I think that this is true not just for our things, but also for ourselves.  I know that no matter where you go, you are who you are.  I do not expect to wake up that first morning in the new house and be taller, thinner, speak Spanish and have straight teeth.  I will wake up in the new house my regular self, but a move is a chance to leave behind old habits and cultivate new ones.  I would like to have more time to write, cook, garden and do yoga, I would like to learn how to use my sewing machine, and maybe even pick up some Spanish.  While the list of skills that I would like to acquire is long, the list of habits I would like to break is longer: snacking, procrastinating sleep, not leaving clean folded clothes in piles anywhere but drawers, feeling busy when I am not, never listening to voicemail, amazon.  Those things are all habits. There are many more but none of them serve me and I hope to break them in our new house.
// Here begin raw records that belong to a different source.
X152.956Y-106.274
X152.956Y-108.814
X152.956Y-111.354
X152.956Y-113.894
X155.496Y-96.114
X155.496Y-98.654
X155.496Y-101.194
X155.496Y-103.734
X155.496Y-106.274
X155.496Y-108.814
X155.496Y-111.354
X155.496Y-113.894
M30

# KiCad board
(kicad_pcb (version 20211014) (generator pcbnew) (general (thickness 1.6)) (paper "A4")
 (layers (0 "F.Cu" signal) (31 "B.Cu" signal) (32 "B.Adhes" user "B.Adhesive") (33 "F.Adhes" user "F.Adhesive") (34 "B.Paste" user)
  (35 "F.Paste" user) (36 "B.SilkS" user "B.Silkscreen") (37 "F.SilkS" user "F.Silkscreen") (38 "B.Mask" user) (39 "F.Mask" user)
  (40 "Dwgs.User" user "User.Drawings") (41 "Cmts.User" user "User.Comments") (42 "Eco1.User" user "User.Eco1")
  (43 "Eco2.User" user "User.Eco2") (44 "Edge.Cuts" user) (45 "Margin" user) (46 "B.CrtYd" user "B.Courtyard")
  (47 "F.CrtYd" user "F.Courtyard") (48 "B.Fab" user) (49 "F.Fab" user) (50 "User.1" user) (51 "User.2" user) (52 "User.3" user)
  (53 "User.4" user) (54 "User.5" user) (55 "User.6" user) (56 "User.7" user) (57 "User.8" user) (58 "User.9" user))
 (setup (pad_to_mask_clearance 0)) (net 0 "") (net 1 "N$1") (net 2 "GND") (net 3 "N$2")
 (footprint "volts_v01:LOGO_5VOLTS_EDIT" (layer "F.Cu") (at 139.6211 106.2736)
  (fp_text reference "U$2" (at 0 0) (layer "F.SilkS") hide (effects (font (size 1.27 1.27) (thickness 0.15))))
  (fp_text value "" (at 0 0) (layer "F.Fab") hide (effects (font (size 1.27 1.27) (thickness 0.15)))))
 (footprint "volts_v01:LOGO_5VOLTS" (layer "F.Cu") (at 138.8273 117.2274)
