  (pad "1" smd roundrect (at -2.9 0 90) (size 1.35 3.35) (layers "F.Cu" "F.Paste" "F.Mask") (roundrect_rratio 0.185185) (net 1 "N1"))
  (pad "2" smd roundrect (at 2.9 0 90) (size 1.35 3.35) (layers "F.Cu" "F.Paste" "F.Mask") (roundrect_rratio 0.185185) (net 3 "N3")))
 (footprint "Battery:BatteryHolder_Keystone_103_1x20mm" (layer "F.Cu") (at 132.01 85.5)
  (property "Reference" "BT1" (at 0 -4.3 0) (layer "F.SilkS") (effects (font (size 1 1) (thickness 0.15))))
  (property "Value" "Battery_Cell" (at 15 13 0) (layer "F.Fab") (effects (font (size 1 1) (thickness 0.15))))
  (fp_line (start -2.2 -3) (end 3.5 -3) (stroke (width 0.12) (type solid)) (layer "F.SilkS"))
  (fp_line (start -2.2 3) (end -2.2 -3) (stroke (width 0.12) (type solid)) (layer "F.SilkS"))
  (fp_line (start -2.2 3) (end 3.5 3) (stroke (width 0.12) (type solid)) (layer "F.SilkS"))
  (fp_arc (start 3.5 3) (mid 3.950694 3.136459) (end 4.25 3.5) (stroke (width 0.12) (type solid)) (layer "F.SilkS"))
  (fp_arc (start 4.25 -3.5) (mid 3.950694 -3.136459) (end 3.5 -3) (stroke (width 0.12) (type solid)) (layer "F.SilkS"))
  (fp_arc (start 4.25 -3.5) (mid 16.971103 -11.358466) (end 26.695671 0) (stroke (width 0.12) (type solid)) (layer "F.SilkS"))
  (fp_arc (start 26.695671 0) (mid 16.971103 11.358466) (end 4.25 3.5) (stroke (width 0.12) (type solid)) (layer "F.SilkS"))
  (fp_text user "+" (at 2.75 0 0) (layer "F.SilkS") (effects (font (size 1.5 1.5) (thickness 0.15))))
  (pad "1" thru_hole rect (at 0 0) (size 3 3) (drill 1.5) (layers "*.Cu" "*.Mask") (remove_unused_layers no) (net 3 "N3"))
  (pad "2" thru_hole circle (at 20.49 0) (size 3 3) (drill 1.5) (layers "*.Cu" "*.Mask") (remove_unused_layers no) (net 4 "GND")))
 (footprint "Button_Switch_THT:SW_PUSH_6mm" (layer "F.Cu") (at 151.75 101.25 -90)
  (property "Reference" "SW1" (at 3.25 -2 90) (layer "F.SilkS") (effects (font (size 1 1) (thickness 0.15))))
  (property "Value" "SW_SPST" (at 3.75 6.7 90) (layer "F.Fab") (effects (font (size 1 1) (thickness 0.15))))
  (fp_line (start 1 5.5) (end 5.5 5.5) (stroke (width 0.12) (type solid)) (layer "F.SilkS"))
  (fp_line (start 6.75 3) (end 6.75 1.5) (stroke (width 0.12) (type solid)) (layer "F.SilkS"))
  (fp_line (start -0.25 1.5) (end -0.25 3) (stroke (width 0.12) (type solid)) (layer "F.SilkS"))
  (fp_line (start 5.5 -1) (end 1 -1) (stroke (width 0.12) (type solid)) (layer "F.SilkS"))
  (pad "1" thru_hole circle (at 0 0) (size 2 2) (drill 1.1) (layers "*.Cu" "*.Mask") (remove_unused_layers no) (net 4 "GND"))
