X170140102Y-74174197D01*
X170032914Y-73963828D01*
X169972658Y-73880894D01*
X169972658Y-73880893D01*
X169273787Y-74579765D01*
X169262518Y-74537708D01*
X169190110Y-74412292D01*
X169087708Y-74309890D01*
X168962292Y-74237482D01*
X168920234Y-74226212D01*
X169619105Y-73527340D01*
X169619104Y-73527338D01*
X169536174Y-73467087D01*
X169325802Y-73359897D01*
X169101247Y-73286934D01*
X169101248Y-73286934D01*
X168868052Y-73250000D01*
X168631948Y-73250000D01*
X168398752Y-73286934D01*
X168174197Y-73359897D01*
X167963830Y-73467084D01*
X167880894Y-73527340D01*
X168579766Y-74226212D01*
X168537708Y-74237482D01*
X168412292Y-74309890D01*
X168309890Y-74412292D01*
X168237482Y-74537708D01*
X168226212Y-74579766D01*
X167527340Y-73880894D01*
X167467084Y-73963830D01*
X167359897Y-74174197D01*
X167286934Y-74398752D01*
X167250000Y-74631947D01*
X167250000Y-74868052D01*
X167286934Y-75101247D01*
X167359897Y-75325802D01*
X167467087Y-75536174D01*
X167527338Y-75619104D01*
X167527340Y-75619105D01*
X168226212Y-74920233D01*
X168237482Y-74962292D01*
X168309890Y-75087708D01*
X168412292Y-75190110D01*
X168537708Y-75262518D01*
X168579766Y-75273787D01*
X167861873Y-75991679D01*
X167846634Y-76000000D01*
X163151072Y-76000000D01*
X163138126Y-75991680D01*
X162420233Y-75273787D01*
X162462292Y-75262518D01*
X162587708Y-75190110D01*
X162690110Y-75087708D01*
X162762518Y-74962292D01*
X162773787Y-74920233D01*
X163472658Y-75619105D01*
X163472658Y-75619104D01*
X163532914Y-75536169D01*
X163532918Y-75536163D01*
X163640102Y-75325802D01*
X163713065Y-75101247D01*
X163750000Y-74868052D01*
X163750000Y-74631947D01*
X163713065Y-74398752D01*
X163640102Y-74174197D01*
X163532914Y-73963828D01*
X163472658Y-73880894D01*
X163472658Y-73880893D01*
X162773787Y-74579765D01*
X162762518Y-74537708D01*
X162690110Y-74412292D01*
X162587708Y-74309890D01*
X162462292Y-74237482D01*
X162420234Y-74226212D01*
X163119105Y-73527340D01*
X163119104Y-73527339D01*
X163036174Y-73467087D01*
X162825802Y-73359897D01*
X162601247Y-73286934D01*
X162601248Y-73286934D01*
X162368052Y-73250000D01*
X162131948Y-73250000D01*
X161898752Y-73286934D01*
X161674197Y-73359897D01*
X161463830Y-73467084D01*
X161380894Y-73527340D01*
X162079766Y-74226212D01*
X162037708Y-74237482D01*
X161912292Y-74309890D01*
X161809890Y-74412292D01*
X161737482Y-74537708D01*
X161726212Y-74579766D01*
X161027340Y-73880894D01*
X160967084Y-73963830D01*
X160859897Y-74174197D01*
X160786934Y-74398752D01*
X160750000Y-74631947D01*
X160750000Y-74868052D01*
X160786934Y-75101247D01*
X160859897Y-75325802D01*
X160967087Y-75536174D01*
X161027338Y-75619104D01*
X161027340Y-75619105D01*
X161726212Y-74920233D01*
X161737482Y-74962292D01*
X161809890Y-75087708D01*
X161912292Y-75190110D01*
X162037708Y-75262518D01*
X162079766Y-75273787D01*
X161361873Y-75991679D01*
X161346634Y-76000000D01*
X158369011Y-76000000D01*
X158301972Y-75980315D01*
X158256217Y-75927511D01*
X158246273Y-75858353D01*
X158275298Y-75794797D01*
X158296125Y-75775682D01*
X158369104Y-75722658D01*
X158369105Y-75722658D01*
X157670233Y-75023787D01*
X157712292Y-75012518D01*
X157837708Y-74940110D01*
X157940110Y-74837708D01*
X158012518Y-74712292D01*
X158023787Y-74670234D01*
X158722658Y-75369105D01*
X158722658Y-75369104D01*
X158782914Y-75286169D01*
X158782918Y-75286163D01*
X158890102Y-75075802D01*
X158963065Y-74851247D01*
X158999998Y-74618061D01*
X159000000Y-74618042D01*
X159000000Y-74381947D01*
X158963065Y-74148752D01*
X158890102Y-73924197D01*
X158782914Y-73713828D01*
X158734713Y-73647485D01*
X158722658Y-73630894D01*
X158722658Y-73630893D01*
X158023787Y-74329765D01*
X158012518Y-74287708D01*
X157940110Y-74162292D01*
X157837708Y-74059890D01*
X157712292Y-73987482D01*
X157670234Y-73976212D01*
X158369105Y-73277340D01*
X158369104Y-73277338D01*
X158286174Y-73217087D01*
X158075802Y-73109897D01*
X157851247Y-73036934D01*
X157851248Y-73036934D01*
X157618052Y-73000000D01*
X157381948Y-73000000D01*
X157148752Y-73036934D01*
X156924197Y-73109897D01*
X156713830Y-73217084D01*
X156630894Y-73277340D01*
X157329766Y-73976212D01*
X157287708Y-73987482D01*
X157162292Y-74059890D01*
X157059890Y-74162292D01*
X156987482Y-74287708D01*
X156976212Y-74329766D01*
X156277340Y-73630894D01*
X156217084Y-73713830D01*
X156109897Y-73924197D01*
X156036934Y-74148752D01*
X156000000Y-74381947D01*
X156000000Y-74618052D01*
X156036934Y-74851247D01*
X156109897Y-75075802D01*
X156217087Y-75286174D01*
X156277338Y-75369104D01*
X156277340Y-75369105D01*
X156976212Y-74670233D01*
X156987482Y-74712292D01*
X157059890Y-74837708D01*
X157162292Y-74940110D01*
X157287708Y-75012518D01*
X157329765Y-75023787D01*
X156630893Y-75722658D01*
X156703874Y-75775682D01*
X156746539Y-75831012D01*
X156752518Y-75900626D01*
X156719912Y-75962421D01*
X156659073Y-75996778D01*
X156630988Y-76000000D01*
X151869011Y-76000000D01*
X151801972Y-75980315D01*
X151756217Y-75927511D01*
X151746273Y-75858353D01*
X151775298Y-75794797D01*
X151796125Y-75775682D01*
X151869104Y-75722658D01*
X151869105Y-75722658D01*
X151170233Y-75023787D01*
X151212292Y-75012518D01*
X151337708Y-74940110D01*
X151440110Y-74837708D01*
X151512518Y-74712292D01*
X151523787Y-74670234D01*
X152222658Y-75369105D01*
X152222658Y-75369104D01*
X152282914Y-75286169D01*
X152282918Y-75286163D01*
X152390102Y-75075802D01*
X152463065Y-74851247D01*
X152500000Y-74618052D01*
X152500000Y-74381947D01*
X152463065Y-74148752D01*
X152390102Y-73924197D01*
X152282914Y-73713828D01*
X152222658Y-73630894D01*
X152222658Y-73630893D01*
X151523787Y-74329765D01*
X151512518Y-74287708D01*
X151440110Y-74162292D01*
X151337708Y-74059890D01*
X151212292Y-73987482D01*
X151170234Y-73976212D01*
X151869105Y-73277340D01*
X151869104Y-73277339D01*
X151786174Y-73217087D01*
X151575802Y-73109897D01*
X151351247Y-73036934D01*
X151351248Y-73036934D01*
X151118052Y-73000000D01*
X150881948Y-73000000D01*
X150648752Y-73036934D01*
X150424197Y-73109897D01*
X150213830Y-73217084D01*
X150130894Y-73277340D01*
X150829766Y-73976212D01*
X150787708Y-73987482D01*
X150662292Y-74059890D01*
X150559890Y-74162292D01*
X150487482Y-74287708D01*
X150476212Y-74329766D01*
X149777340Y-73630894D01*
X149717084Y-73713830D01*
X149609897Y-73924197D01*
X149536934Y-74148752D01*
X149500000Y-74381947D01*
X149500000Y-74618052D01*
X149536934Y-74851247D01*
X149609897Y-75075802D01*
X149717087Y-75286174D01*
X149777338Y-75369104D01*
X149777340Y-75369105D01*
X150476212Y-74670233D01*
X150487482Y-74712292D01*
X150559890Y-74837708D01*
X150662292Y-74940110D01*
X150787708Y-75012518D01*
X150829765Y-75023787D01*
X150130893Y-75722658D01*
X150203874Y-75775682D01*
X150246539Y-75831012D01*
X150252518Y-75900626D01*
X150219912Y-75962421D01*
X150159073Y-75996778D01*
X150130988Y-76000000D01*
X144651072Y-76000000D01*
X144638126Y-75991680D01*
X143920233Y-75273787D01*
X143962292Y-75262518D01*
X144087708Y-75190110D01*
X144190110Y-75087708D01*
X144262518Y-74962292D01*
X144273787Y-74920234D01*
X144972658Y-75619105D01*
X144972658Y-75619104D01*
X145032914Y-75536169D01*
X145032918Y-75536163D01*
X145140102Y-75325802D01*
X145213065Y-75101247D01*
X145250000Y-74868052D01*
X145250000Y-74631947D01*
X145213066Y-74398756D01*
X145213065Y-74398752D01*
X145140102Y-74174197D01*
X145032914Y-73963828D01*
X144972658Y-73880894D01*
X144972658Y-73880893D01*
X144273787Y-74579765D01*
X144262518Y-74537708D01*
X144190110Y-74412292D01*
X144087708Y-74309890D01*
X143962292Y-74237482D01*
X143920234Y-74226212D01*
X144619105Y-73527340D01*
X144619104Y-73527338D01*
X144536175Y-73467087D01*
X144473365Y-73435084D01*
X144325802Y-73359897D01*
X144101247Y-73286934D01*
Just like the bunk bed they don’t serve a purpose anymore.

 

One of my favorite things to say to students in class, is “let go of what doesn’t serve you” this can mean gritting your teeth because you think it will help you balance, or thinking about lunch while you are on your mat.  I like the idea that if we pay attention to what we actually have, and how we behave, that we can let go of what we don’t need.  Habits, like anything ever purchased from Ikea may have served a purpose when you got them, but if you don’t pay attention to them they may become permanent fixtures long after you don’t need them.  That is my practice for this move, paying attention to what I am bringing with me into the new house not just on the back of the truck but in my head and heart as well, and letting go of anything that doesn’t serve me.

 

Family, Meditation, Yoga

Every morning I pretend to lose my shoes……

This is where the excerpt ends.